- [Aim of the exercise]: Print the lines of the data, starting with the first, up to and including the line where "(at 0 20.32" appears.

- [Available records]:
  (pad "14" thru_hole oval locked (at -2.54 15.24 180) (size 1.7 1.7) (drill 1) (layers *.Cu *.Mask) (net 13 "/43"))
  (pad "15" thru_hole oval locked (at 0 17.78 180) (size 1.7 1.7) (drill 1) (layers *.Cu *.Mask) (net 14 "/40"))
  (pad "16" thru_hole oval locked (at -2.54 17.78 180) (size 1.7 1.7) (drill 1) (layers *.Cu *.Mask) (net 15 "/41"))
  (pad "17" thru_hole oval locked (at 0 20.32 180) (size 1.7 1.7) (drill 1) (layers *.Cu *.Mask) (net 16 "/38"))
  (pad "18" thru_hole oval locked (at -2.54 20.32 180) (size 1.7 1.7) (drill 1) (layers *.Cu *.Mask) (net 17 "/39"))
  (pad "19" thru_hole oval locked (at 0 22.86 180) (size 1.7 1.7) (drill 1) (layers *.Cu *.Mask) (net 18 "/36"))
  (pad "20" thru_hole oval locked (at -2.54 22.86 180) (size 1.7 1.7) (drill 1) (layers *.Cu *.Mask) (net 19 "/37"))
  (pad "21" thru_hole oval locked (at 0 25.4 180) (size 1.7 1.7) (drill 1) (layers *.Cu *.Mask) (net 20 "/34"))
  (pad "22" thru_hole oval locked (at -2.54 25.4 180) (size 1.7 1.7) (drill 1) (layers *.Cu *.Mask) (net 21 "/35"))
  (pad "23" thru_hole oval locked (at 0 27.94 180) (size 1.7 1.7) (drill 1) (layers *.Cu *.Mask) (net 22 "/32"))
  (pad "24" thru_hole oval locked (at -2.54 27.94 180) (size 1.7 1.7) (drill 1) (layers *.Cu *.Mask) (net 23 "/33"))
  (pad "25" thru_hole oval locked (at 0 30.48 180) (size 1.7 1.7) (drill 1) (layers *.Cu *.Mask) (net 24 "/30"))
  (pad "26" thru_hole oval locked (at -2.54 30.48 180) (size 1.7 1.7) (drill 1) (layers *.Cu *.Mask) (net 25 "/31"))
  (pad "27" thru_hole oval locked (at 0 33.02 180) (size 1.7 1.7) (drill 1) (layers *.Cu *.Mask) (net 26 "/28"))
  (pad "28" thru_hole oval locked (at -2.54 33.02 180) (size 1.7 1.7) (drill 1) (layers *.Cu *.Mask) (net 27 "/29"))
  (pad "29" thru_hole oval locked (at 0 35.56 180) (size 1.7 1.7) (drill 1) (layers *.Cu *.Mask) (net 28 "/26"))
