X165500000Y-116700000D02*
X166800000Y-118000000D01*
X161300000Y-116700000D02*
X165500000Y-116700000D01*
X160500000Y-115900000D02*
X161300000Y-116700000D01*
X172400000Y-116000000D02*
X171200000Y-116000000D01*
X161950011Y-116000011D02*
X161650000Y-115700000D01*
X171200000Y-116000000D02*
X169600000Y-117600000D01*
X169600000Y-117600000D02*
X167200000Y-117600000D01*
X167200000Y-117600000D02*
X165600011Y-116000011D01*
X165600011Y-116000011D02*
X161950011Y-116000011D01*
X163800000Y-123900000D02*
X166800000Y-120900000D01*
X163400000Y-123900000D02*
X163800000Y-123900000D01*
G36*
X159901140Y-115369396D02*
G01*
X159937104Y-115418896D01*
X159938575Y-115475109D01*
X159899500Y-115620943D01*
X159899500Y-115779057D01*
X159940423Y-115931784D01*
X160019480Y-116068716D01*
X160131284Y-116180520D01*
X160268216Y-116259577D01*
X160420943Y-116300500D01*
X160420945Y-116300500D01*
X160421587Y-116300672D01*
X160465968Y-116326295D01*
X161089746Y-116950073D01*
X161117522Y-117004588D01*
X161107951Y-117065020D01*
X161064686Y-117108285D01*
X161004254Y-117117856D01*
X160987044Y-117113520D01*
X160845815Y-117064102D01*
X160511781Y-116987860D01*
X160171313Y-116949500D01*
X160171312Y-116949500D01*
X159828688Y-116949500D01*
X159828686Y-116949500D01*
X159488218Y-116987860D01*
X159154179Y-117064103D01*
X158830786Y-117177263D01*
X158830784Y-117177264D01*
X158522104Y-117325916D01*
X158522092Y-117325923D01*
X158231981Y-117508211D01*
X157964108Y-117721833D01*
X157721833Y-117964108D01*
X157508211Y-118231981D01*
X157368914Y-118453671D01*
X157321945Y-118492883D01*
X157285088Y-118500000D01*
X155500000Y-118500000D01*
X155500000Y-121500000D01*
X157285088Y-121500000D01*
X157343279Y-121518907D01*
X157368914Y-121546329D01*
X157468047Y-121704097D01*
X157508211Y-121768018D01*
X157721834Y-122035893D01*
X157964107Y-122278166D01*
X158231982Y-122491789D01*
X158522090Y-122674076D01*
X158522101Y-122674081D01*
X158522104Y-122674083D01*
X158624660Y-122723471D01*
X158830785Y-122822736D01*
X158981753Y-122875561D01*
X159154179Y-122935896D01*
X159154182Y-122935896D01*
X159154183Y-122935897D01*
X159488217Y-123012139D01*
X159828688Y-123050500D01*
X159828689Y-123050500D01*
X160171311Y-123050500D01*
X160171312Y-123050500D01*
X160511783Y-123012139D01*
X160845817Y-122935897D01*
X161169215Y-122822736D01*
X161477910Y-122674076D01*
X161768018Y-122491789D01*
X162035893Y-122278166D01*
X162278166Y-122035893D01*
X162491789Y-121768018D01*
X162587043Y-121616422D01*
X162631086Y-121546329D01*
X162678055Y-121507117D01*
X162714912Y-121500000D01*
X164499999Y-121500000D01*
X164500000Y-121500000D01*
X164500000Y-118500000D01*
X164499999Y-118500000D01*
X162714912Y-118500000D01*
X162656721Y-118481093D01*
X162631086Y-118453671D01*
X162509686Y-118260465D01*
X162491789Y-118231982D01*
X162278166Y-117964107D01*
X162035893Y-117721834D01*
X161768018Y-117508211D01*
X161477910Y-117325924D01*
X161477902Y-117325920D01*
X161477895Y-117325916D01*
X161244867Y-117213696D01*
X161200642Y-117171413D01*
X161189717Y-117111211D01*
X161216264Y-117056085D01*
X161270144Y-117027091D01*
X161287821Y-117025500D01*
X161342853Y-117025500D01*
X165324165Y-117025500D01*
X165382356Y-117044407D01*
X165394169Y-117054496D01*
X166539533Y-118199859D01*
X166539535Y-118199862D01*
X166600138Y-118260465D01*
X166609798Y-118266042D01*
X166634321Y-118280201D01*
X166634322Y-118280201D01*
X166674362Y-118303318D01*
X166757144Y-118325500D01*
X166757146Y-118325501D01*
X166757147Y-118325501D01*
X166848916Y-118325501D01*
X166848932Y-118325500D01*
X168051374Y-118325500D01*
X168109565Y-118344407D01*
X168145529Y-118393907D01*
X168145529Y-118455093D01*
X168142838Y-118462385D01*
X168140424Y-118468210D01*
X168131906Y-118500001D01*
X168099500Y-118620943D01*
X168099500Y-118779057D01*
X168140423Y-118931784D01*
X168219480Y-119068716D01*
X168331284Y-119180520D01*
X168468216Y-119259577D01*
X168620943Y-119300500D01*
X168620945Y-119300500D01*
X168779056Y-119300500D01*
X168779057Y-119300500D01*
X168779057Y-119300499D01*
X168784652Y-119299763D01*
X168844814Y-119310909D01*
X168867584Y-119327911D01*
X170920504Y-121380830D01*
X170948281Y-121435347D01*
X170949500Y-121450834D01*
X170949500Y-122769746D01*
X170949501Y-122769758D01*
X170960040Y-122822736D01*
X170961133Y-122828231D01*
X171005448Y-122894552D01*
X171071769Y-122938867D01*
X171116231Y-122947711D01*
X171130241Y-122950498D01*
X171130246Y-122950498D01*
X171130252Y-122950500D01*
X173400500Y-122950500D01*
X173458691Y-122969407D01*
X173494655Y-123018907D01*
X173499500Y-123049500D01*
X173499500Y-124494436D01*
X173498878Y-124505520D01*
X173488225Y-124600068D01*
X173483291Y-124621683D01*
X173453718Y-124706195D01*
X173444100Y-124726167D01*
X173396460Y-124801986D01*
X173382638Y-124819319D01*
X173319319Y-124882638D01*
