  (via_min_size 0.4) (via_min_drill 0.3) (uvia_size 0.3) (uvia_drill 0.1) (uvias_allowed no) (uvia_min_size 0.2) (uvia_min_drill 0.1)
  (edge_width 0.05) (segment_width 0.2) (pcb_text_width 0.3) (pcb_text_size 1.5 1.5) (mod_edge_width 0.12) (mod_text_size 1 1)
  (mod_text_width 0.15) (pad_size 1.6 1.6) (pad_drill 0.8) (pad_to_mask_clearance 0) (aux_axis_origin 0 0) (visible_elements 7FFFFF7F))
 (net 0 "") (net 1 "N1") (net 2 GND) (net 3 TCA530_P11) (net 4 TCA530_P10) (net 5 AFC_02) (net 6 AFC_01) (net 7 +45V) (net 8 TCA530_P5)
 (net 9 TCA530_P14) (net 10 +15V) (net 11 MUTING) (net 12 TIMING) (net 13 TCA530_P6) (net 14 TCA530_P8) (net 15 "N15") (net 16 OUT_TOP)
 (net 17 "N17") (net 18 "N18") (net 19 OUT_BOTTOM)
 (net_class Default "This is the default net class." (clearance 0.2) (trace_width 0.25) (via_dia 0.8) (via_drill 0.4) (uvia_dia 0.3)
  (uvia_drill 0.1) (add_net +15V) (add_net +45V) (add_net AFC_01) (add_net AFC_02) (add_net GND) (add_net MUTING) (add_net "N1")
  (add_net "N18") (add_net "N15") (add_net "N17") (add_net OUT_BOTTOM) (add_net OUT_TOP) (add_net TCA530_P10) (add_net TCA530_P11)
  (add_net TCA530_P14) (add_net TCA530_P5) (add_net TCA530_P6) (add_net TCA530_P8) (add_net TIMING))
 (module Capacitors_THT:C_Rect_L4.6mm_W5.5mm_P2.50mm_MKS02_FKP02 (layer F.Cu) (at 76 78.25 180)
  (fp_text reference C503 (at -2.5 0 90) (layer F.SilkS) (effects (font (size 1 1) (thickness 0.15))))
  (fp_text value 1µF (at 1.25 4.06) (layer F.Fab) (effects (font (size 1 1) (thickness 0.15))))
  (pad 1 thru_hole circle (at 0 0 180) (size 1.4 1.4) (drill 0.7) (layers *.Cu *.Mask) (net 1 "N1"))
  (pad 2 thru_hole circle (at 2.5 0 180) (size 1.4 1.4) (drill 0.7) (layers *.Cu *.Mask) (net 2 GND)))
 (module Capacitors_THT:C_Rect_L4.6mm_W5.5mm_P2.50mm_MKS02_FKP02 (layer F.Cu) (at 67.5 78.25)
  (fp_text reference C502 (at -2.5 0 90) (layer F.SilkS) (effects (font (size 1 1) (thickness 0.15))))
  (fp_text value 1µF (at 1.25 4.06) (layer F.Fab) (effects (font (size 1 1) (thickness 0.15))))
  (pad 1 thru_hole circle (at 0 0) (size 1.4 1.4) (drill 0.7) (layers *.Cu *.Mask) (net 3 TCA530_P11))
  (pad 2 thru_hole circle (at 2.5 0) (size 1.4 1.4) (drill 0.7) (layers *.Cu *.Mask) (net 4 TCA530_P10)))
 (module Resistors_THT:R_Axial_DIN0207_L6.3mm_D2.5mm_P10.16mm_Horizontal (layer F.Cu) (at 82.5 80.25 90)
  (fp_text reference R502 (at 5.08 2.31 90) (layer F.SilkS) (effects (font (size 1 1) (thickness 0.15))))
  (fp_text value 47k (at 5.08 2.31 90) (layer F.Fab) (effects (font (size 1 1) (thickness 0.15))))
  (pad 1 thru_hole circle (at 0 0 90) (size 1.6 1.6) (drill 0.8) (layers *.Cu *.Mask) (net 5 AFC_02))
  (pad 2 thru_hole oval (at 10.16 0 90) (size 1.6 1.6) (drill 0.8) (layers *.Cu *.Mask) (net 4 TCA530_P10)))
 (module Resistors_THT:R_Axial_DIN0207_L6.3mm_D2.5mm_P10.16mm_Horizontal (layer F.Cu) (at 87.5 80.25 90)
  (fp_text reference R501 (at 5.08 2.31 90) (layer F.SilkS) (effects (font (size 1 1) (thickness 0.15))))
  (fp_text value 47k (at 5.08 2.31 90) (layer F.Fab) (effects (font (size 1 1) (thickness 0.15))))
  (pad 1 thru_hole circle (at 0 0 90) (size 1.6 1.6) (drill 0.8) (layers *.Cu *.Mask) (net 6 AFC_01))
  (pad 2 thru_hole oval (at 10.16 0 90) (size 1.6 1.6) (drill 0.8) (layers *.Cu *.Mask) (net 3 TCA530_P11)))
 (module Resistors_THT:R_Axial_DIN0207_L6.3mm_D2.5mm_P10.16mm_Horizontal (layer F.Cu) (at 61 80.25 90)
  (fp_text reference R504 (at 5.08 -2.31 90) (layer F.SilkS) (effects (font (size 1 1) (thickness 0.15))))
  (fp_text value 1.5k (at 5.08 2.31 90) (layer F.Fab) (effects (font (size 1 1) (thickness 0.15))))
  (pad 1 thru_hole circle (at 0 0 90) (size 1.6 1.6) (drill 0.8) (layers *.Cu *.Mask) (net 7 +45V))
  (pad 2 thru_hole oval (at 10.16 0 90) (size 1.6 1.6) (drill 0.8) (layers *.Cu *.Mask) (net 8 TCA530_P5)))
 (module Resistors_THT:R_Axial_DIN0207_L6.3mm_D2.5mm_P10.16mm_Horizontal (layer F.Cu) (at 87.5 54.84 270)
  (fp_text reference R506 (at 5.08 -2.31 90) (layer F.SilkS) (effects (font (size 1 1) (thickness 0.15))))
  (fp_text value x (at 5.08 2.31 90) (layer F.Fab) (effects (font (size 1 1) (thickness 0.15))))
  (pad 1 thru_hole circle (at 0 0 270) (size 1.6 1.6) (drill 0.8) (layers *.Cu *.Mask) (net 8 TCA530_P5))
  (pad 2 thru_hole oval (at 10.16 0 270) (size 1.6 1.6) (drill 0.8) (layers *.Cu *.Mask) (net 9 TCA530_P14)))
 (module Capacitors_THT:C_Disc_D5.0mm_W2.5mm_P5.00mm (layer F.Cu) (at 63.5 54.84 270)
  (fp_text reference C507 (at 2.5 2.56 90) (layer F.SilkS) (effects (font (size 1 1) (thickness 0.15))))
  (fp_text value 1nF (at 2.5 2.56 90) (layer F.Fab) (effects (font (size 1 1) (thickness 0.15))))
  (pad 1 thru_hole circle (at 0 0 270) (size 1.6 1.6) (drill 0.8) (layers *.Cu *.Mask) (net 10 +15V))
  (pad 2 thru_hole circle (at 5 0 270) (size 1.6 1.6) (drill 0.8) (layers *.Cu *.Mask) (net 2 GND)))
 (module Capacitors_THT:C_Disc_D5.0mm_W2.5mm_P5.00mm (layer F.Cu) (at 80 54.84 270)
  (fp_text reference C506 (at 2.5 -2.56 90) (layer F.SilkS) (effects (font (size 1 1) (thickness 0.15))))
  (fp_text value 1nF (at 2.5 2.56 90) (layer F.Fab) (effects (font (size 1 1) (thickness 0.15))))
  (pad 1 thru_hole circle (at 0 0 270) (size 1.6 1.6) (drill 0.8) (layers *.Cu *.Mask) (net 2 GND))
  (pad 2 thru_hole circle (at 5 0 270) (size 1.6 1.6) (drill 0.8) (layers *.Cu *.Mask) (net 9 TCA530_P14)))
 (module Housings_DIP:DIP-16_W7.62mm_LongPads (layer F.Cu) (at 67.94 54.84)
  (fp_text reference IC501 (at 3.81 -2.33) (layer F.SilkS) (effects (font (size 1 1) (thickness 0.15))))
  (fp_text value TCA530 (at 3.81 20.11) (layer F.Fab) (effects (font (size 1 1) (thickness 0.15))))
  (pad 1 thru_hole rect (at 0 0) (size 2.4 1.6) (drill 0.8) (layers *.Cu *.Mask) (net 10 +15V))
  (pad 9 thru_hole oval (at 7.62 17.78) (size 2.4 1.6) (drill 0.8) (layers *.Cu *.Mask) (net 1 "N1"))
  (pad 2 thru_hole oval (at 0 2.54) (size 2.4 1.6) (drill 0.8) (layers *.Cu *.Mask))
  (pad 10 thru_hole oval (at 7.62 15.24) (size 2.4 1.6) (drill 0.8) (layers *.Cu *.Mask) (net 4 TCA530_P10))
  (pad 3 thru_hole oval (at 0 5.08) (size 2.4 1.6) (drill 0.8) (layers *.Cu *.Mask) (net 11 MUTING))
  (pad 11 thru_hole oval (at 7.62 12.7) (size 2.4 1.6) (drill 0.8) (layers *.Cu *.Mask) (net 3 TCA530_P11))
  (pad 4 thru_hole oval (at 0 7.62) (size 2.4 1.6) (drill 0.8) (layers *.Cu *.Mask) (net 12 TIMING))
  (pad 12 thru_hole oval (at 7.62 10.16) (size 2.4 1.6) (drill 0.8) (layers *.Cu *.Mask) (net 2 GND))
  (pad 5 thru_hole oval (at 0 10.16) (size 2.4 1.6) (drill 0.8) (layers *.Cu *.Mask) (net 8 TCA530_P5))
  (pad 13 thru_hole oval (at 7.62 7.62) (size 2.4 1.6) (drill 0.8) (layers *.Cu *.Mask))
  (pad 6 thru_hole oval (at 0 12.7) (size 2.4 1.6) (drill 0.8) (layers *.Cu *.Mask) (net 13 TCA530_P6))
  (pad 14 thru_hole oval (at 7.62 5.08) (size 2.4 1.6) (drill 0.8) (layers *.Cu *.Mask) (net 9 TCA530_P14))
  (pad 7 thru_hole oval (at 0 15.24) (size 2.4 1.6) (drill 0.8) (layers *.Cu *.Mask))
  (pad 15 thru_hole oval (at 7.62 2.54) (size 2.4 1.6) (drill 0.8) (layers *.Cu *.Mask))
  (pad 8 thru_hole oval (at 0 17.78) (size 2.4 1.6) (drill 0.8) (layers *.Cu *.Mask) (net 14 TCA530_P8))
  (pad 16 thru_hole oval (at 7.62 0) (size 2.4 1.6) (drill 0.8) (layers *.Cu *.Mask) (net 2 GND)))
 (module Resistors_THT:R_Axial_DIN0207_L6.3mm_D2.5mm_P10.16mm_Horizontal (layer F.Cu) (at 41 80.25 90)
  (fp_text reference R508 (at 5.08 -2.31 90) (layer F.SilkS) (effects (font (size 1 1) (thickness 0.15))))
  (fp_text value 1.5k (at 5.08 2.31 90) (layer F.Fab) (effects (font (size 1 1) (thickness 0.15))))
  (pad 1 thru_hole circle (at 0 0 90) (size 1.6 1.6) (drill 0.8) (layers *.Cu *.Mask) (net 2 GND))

- [Response for this exercise]:
  (pad "14" thru_hole oval locked (at -2.54 15.24 180) (size 1.7 1.7) (drill 1) (layers *.Cu *.Mask) (net 13 "/43"))
  (pad "15" thru_hole oval locked (at 0 17.78 180) (size 1.7 1.7) (drill 1) (layers *.Cu *.Mask) (net 14 "/40"))
  (pad "16" thru_hole oval locked (at -2.54 17.78 180) (size 1.7 1.7) (drill 1) (layers *.Cu *.Mask) (net 15 "/41"))
  (pad "17" thru_hole oval locked (at 0 20.32 180) (size 1.7 1.7) (drill 1) (layers *.Cu *.Mask) (net 16 "/38"))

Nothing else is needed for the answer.